By Sarah Jackson
Prague’s yearly Masopust celebration is always a sight to behold. But do you know the meaning behind the colorful costumes and quirky rituals? Here are some of the traditions and beliefs hiding behind the masks of Masopust.
Saying goodbye to … meat?
Masopust literally translates to “meat fast.” The days-long festival celebration is similar in function to Mardi Gras and is believed to date back to the 13th century, when revelers would worship Bacchus, the god of wine and fertility. In those times, Masopust served to clear away the dreariness of winter and usher in a good harvest and fertility for women in spring. Today, the celebration is all about indulging in fun and good food before the fasting of Lent begins (although Czechs aren’t all that religious, they’re certainly into a good party!).
Time to Pig Out
With that in mind, get ready to taste pork like you’ve never had it before. One special delicacy for the occasion is head cheese, a misnomer because it it’s actually a cold cut from the pig’s head, not a dairy cheese. Another common food during Masopust is black pudding, also deceivingly named because it is a sausage usually made from pork blood and oats. Meat aside, another popular food during Masopust is kobliha, which is basically a jelly donut.

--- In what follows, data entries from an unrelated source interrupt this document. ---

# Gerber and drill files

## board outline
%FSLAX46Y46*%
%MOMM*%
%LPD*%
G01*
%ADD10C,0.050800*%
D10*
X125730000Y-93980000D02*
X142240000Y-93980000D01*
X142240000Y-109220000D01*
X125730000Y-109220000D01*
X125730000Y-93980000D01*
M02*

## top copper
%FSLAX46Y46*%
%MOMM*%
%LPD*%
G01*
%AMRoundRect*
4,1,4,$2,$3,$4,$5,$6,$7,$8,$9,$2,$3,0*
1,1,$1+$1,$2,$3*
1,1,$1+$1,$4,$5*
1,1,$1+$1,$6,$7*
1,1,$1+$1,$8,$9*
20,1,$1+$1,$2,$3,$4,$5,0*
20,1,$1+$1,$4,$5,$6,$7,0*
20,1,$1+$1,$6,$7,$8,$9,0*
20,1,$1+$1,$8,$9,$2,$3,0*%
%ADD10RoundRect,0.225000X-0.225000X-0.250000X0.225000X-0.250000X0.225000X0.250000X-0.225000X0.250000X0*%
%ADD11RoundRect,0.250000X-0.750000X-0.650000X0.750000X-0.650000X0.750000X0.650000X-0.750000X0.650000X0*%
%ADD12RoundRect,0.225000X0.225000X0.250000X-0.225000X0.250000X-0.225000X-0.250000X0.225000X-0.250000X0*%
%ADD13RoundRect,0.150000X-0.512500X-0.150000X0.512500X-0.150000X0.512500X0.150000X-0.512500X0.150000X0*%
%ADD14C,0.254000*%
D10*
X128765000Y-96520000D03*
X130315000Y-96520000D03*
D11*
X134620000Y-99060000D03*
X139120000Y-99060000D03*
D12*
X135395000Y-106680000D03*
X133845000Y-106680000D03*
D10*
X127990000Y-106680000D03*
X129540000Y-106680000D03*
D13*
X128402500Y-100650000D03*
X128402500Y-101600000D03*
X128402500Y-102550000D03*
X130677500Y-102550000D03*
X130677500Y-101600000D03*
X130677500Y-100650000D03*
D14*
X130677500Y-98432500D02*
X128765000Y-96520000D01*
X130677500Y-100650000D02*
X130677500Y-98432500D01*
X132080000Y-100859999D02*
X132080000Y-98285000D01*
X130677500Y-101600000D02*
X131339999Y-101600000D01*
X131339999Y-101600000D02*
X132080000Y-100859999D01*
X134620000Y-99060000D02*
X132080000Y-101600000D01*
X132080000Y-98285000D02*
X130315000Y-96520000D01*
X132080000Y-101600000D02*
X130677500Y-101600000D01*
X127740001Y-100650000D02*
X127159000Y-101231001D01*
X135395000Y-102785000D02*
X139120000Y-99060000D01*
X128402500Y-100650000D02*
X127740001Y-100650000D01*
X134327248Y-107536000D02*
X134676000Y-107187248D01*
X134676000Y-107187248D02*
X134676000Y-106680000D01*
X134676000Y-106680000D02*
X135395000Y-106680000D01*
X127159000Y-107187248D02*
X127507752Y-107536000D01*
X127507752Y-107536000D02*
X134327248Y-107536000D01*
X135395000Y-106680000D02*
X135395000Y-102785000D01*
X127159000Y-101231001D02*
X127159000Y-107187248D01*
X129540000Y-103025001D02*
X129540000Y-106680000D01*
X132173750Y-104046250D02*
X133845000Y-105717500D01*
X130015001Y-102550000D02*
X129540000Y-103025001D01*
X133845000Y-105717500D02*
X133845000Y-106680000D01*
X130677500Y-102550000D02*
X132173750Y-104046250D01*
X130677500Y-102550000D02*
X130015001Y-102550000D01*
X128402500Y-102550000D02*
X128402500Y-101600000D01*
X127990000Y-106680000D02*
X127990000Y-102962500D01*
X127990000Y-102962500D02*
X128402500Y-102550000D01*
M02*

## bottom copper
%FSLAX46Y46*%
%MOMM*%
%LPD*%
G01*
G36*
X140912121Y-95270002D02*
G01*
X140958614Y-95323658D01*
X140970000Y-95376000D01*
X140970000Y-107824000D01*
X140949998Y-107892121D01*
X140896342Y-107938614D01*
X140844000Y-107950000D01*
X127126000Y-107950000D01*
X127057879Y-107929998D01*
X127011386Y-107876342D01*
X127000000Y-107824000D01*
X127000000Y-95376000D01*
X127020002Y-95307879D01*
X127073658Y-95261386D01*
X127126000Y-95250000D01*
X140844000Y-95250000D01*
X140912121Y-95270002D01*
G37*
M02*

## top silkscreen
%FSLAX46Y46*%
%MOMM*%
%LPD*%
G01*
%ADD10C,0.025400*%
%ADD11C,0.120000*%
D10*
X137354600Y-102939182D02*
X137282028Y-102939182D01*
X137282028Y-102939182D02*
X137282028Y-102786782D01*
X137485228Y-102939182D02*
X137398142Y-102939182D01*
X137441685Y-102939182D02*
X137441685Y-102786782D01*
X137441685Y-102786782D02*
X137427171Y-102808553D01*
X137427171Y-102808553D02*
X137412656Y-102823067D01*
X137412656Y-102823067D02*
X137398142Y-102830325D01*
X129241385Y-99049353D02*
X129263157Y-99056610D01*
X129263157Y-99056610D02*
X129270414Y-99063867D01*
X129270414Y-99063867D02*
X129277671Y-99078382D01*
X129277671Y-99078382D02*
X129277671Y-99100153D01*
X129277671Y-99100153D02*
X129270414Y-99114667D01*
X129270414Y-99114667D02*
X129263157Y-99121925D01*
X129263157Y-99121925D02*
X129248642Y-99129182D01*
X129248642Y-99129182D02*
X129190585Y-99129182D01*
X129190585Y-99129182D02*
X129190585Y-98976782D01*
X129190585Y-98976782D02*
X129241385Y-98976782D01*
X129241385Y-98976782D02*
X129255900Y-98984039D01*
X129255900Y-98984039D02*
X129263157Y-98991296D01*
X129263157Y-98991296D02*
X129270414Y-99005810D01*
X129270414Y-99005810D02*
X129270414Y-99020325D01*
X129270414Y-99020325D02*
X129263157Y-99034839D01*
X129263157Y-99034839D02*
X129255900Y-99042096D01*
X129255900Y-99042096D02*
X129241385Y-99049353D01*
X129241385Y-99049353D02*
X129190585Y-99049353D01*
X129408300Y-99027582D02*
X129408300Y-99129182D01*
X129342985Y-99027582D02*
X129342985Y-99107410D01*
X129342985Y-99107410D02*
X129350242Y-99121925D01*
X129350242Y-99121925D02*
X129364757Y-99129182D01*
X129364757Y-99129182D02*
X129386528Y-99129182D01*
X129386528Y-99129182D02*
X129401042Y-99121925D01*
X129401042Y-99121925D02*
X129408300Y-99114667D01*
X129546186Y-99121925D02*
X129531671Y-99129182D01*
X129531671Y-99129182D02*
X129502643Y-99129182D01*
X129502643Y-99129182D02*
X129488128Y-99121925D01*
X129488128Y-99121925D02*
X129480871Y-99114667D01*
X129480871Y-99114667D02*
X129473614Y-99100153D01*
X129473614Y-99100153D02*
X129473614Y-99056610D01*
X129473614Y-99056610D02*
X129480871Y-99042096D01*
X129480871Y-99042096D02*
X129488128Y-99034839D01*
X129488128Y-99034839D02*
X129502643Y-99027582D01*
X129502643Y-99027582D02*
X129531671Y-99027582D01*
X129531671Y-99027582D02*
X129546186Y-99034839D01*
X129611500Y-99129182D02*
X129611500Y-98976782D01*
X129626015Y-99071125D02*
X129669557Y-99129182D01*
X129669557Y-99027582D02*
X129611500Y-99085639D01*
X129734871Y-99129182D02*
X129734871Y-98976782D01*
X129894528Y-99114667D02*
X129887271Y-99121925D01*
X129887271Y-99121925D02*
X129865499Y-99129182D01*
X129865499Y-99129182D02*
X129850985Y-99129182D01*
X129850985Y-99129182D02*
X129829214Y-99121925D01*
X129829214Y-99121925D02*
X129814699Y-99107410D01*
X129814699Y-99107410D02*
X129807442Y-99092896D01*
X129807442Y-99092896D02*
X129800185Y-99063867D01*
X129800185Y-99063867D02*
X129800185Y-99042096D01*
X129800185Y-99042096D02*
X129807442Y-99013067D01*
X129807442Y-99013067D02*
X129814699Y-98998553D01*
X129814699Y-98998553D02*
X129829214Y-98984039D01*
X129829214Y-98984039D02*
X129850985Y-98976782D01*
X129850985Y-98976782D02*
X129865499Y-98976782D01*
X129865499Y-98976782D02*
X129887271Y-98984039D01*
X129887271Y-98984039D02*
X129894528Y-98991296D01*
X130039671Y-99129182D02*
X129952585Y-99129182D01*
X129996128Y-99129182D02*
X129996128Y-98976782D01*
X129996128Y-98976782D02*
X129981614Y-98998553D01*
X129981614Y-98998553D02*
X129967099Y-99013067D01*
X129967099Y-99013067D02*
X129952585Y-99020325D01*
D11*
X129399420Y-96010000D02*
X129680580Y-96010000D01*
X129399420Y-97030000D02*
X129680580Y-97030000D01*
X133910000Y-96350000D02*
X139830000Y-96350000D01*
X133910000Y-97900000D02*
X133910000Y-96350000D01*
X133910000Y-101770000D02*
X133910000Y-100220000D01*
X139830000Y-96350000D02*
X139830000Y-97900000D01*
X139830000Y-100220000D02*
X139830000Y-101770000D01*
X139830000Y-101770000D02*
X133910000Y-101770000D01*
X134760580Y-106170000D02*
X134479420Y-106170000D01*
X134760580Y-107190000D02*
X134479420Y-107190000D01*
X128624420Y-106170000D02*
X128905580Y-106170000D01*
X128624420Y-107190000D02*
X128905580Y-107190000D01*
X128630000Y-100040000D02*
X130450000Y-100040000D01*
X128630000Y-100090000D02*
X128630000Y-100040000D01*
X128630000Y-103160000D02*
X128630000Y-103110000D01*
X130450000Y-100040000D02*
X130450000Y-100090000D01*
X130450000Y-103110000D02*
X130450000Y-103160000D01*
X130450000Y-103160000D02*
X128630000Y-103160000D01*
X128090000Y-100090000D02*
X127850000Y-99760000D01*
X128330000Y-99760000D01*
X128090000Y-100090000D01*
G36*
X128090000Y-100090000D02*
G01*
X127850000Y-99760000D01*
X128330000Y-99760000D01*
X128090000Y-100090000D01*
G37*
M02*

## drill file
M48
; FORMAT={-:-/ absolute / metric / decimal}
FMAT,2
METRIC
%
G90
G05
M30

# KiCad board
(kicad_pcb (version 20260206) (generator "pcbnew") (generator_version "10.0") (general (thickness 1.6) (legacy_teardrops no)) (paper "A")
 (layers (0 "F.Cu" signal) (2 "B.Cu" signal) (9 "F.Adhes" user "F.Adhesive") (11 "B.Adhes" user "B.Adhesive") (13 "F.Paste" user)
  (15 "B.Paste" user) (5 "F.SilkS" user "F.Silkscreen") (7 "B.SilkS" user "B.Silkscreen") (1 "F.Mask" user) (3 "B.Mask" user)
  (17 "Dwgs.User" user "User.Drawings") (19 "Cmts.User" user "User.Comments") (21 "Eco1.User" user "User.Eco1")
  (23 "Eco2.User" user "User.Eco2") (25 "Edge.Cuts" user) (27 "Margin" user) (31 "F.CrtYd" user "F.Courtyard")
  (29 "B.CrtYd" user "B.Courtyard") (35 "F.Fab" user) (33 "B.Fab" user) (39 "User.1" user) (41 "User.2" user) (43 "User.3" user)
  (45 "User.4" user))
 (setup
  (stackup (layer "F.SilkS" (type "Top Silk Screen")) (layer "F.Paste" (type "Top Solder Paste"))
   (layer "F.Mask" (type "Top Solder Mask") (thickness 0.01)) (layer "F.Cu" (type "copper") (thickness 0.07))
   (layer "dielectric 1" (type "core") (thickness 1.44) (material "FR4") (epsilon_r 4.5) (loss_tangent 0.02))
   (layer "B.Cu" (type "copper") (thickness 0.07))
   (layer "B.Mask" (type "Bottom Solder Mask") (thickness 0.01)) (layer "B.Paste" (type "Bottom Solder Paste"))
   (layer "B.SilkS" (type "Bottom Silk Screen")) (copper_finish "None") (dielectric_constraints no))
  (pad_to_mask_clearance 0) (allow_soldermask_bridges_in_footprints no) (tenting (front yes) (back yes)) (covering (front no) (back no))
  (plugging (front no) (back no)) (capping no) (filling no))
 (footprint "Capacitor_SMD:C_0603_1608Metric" (layer "F.Cu") (at 129.54 96.52)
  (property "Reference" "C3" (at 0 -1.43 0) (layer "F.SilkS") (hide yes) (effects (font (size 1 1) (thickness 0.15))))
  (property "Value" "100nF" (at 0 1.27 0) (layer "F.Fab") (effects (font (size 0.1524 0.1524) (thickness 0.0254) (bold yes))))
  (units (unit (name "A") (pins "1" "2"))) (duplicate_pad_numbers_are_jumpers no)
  (fp_line (start -0.14058 -0.51) (end 0.14058 -0.51) (stroke (width 0.12) (type solid)) (layer "F.SilkS"))
  (fp_line (start -0.14058 0.51) (end 0.14058 0.51) (stroke (width 0.12) (type solid)) (layer "F.SilkS"))
  (pad "1" smd roundrect (at -0.775 0) (size 0.9 0.95) (layers "F.Cu" "F.Mask" "F.Paste") (roundrect_rratio 0.25) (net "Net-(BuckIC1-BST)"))
  (pad "2" smd roundrect (at 0.775 0) (size 0.9 0.95) (layers "F.Cu" "F.Mask" "F.Paste") (roundrect_rratio 0.25) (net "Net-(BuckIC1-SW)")))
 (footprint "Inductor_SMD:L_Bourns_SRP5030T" (layer "F.Cu") (at 136.87 99.06)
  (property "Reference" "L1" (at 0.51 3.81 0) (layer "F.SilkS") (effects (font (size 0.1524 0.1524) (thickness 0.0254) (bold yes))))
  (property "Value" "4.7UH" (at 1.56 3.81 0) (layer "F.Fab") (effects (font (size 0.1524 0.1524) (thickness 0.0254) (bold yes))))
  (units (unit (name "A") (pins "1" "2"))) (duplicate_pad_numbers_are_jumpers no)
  (fp_line (start -2.96 -2.71) (end 2.96 -2.71) (stroke (width 0.12) (type solid)) (layer "F.SilkS"))
  (fp_line (start -2.96 -1.16) (end -2.96 -2.71) (stroke (width 0.12) (type solid)) (layer "F.SilkS"))
  (fp_line (start -2.96 2.71) (end -2.96 1.16) (stroke (width 0.12) (type solid)) (layer "F.SilkS"))
  (fp_line (start 2.96 -2.71) (end 2.96 -1.16) (stroke (width 0.12) (type solid)) (layer "F.SilkS"))
  (fp_line (start 2.96 1.16) (end 2.96 2.71) (stroke (width 0.12) (type solid)) (layer "F.SilkS"))
  (fp_line (start 2.96 2.71) (end -2.96 2.71) (stroke (width 0.12) (type solid)) (layer "F.SilkS"))
  (pad "1" smd roundrect (at -2.25 0) (size 2 1.8) (layers "F.Cu" "F.Mask" "F.Paste") (roundrect_rratio 0.138889) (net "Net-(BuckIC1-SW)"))
  (pad "2" smd roundrect (at 2.25 0) (size 2 1.8) (layers "F.Cu" "F.Mask" "F.Paste") (roundrect_rratio 0.138889) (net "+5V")))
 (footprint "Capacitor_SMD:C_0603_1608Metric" (layer "F.Cu") (at 134.62 106.68 180)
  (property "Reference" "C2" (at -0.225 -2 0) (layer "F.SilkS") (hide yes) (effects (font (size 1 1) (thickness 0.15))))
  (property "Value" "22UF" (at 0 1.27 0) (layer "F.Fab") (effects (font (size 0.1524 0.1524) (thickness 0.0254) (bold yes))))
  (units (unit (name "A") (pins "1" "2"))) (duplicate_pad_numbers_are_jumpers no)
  (fp_line (start -0.14058 0.51) (end 0.14058 0.51) (stroke (width 0.12) (type solid)) (layer "F.SilkS"))
  (fp_line (start -0.14058 -0.51) (end 0.14058 -0.51) (stroke (width 0.12) (type solid)) (layer "F.SilkS"))
  (pad "1" smd roundrect (at -0.775 0 180) (size 0.9 0.95) (layers "F.Cu" "F.Mask" "F.Paste") (roundrect_rratio 0.25) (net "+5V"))
  (pad "2" smd roundrect (at 0.775 0 180) (size 0.9 0.95) (layers "F.Cu" "F.Mask" "F.Paste") (roundrect_rratio 0.25) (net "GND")))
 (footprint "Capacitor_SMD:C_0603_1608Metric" (layer "F.Cu") (at 128.765 106.68)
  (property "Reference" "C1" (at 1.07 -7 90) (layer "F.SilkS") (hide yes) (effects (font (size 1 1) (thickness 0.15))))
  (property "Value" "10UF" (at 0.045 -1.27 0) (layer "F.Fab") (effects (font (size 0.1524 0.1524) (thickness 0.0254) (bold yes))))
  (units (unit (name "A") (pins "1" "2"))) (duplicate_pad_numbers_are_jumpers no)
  (fp_line (start -0.14058 -0.51) (end 0.14058 -0.51) (stroke (width 0.12) (type solid)) (layer "F.SilkS"))
  (fp_line (start -0.14058 0.51) (end 0.14058 0.51) (stroke (width 0.12) (type solid)) (layer "F.SilkS"))
  (pad "1" smd roundrect (at -0.775 0) (size 0.9 0.95) (layers "F.Cu" "F.Mask" "F.Paste") (roundrect_rratio 0.25) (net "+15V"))
  (pad "2" smd roundrect (at 0.775 0) (size 0.9 0.95) (layers "F.Cu" "F.Mask" "F.Paste") (roundrect_rratio 0.25) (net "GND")))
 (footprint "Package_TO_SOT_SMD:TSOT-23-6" (layer "F.Cu") (at 129.54 101.6)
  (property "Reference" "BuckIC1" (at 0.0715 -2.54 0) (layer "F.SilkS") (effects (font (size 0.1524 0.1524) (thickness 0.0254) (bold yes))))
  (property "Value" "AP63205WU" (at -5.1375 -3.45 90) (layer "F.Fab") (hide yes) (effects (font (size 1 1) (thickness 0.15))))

As far as drinks go, there is plenty of slivovice, a brandy made from plums, to go around.
Not Your Average Thursday
When do revelers eat all this food, you ask? On none other than Fat Thursday. The last Thursday before Lent, this day of feasting is as indulgent as it sounds. It often includes “zabíjačka,” a pig slaughter and roast, and just general gluttony. (It was said that people would have strength for the whole year if they ate a lot of food on that day.)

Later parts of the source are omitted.